◆ **BRIEF**
Look below for the line containing "X102677007Y-68114075D01*"; from there through the line containing "X102.87Y-77.47", both lines included, please set down each line exactly and nothing else.

◆ **PROVIDED MATERIAL**
+-------+

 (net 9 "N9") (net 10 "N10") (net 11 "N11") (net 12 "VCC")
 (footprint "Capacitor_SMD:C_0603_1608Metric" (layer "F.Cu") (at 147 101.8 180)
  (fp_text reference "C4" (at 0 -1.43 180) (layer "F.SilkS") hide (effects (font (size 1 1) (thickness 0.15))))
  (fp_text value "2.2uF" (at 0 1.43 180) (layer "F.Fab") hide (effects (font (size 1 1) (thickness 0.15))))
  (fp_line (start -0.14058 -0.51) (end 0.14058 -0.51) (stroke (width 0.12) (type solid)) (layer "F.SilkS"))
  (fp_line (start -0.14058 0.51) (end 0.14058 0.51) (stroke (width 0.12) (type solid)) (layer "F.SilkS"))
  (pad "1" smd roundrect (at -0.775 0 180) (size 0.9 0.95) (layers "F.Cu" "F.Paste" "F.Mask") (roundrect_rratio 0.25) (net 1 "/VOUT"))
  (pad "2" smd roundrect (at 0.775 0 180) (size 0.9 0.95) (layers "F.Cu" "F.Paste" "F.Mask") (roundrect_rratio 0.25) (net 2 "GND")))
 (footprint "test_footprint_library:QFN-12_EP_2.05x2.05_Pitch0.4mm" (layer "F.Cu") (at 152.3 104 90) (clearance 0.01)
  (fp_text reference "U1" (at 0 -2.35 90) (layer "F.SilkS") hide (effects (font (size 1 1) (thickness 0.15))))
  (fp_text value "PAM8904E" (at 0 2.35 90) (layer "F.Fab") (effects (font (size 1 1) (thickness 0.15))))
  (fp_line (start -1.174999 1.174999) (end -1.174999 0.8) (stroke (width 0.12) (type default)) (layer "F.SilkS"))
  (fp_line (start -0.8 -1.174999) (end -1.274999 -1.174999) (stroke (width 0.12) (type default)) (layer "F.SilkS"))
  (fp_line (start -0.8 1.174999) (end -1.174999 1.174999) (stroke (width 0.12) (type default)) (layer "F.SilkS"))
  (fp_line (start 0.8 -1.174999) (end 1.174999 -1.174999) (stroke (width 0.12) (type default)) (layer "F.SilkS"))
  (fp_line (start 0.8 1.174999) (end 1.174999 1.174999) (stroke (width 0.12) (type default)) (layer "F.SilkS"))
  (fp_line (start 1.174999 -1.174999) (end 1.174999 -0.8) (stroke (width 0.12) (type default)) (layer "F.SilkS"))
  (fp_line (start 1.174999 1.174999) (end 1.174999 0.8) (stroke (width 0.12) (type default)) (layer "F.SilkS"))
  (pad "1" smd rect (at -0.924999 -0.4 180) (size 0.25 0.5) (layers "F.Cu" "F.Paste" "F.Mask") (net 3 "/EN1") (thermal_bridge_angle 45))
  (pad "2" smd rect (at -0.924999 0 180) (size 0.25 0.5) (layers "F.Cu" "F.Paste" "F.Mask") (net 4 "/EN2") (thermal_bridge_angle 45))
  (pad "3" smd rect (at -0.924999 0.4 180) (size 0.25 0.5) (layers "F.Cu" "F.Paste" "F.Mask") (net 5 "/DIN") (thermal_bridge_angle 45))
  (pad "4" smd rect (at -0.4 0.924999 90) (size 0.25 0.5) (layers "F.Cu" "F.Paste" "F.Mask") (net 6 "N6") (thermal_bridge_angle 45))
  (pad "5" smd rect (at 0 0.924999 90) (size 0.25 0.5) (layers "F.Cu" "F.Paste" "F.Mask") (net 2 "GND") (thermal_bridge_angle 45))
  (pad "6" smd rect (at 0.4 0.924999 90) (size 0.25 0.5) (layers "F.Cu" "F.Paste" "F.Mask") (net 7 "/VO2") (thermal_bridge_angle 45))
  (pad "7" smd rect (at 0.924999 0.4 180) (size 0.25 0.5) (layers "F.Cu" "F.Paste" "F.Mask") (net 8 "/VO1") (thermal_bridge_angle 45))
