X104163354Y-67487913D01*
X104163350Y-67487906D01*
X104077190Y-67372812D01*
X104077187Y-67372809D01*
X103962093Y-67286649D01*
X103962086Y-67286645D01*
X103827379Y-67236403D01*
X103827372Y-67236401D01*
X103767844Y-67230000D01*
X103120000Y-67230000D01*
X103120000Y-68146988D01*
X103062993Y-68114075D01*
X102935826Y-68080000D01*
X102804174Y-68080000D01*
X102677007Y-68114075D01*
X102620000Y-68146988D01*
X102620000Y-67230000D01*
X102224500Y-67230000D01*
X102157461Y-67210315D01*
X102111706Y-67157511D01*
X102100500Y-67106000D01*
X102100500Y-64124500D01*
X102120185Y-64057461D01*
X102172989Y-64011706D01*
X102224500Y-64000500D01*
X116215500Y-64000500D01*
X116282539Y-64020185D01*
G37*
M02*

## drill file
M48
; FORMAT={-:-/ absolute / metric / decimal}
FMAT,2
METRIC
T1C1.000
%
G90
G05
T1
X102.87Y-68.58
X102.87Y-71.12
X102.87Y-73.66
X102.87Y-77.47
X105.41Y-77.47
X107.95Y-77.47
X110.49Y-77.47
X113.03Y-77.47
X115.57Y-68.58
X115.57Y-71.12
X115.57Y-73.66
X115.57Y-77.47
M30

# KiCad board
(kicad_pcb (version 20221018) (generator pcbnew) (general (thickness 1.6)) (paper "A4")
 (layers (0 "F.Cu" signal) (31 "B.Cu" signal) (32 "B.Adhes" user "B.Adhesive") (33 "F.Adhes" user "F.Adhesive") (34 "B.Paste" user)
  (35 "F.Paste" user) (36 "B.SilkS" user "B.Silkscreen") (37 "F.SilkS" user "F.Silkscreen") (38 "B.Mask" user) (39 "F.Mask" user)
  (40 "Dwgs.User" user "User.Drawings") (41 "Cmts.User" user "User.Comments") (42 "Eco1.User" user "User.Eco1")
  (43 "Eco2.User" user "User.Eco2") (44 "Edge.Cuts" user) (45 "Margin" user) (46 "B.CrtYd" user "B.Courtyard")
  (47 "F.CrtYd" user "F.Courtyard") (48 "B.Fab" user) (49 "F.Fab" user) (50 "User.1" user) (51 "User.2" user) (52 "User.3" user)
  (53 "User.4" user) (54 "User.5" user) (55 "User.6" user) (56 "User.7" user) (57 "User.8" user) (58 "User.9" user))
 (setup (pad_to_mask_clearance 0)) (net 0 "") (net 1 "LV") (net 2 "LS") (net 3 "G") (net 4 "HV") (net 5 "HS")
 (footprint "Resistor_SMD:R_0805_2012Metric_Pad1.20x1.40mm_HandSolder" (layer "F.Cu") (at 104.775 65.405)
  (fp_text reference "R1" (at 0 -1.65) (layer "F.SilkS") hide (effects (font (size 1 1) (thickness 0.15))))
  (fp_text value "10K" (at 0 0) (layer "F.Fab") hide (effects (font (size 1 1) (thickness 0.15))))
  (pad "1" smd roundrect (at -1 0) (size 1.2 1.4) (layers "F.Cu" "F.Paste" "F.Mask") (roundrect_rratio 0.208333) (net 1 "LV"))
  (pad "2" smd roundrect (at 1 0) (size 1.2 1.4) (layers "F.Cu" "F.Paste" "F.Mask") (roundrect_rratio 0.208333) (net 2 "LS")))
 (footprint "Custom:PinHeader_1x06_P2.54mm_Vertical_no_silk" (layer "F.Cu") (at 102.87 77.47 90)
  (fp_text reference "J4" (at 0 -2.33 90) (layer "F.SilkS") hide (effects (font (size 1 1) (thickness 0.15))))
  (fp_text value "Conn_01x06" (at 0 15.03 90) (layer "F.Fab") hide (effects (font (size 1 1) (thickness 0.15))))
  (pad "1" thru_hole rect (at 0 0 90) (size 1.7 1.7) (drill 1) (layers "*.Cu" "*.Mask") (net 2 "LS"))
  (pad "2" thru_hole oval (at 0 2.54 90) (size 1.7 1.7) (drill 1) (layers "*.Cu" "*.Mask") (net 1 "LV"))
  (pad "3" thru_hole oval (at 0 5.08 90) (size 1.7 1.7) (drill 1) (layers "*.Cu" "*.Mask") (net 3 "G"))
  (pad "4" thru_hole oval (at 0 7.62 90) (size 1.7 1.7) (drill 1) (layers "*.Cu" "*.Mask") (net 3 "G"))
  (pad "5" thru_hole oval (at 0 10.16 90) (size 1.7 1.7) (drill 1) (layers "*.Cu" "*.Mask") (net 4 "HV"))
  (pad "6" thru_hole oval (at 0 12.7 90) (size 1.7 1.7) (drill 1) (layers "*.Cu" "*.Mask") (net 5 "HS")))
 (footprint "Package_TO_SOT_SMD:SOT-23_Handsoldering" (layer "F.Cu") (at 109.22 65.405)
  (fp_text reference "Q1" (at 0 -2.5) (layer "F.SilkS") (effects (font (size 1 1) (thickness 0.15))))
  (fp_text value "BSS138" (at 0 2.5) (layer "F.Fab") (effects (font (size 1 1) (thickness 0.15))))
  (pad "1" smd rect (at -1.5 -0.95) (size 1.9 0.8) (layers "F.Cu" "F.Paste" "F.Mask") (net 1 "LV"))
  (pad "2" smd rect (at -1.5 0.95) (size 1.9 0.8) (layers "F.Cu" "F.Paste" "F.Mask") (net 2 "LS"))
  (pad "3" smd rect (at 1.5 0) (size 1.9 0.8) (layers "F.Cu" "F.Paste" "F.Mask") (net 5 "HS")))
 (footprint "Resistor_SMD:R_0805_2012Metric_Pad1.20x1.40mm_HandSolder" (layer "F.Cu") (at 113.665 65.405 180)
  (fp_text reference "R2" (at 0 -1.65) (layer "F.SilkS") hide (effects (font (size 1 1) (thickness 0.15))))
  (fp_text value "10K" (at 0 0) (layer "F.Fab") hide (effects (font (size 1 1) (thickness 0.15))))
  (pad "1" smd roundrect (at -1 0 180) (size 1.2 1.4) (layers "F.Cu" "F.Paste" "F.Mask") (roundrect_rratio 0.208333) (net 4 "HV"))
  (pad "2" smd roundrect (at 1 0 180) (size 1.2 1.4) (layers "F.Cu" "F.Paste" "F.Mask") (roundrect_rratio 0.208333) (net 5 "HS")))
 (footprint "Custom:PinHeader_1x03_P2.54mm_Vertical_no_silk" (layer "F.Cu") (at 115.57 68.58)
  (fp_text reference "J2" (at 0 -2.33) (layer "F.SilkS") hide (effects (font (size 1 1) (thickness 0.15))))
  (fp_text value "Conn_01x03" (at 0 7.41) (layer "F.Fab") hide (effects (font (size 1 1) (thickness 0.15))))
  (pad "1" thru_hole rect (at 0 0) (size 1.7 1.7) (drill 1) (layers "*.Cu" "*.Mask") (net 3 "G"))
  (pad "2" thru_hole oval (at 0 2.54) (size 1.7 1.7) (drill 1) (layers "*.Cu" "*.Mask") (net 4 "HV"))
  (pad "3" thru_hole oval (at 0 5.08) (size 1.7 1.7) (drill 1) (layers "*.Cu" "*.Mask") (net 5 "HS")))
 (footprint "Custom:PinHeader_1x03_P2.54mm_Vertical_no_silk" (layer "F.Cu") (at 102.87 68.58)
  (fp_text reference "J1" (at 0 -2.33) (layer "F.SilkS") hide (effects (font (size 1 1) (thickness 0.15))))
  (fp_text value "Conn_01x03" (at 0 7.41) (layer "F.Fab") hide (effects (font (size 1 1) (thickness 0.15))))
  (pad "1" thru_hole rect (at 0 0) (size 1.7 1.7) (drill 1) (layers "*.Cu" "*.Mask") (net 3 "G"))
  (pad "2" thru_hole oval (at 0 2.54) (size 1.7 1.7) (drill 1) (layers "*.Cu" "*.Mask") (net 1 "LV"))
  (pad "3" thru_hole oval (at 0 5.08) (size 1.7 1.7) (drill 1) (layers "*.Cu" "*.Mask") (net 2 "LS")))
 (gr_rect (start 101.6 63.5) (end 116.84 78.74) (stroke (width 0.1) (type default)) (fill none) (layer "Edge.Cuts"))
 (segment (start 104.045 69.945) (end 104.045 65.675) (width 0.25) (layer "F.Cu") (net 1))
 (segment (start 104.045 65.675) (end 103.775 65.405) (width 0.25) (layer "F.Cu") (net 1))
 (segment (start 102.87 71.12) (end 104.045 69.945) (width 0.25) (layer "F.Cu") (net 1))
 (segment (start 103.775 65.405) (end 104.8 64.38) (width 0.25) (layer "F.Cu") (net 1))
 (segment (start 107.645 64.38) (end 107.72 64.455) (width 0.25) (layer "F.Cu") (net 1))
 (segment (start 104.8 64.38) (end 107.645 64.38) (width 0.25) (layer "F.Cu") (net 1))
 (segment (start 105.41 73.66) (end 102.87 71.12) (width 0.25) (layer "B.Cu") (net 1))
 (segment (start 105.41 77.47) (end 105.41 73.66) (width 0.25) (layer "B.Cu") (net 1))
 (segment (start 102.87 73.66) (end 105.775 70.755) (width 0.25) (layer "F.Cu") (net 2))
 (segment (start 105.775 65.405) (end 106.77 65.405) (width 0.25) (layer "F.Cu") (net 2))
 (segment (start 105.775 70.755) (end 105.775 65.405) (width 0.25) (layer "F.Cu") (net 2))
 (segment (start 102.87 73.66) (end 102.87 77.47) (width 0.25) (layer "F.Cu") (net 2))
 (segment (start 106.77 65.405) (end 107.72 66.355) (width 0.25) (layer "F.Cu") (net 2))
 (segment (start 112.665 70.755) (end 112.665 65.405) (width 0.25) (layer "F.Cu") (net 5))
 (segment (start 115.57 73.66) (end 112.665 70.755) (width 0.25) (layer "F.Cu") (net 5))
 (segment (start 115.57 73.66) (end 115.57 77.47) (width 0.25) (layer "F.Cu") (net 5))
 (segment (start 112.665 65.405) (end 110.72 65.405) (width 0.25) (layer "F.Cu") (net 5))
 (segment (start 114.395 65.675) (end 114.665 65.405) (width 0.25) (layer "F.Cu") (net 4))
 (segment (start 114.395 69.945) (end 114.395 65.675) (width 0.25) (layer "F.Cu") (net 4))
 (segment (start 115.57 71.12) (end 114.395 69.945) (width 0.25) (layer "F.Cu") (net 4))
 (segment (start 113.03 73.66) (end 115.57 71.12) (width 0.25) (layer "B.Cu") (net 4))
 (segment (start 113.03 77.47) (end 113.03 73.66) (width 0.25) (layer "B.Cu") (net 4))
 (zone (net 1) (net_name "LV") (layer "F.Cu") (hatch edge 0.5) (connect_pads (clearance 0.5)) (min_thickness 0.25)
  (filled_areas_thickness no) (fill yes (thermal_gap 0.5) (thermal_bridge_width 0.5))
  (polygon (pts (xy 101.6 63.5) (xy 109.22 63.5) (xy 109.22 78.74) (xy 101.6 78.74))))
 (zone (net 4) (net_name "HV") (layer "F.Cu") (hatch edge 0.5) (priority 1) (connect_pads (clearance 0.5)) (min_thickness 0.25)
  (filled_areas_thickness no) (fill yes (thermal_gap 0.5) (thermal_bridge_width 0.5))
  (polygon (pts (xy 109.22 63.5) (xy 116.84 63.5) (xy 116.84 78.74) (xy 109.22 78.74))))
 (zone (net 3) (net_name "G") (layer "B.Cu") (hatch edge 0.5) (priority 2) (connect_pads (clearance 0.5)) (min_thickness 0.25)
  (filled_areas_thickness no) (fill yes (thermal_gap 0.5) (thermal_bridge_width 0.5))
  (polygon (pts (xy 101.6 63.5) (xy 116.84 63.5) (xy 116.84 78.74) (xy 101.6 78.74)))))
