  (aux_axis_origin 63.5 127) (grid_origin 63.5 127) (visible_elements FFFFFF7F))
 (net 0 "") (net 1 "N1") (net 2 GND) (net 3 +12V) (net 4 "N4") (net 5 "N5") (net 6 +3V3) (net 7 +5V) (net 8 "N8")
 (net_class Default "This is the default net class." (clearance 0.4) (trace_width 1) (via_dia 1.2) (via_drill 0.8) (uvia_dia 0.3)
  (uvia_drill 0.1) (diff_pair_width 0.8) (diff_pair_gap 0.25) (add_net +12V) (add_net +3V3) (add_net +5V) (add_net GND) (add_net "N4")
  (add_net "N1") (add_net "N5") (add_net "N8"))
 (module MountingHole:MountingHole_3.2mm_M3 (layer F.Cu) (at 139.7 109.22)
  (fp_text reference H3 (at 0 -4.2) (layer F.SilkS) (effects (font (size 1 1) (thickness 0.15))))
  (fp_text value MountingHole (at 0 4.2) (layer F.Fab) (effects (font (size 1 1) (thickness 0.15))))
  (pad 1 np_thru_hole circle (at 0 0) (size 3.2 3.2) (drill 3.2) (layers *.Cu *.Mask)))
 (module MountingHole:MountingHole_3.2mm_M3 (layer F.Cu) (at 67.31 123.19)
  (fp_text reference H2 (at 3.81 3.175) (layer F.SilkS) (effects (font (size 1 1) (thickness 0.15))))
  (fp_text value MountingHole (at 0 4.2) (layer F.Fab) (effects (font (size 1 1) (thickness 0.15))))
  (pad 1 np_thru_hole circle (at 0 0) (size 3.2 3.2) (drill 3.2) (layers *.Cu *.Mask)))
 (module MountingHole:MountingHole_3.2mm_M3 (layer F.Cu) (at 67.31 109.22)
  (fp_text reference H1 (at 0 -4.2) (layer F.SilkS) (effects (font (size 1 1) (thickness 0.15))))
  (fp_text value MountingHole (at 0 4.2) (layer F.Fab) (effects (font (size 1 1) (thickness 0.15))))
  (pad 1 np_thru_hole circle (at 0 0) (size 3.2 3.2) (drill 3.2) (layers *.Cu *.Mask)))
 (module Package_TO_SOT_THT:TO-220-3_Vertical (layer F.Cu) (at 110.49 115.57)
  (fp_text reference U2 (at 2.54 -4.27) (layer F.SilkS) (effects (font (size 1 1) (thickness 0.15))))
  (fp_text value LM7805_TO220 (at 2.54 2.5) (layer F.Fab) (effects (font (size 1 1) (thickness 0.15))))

+-------+

◆ **OUTPUT OF THE TASK**
X102677007Y-68114075D01*
X102620000Y-68146988D01*
X102620000Y-67230000D01*
X102224500Y-67230000D01*
X102157461Y-67210315D01*
X102111706Y-67157511D01*
X102100500Y-67106000D01*
X102100500Y-64124500D01*
X102120185Y-64057461D01*
X102172989Y-64011706D01*
X102224500Y-64000500D01*
X116215500Y-64000500D01*
X116282539Y-64020185D01*
G37*
M02*

## drill file
M48
; FORMAT={-:-/ absolute / metric / decimal}
FMAT,2
METRIC
T1C1.000
%
G90
G05
T1
X102.87Y-68.58
X102.87Y-71.12
X102.87Y-73.66
X102.87Y-77.47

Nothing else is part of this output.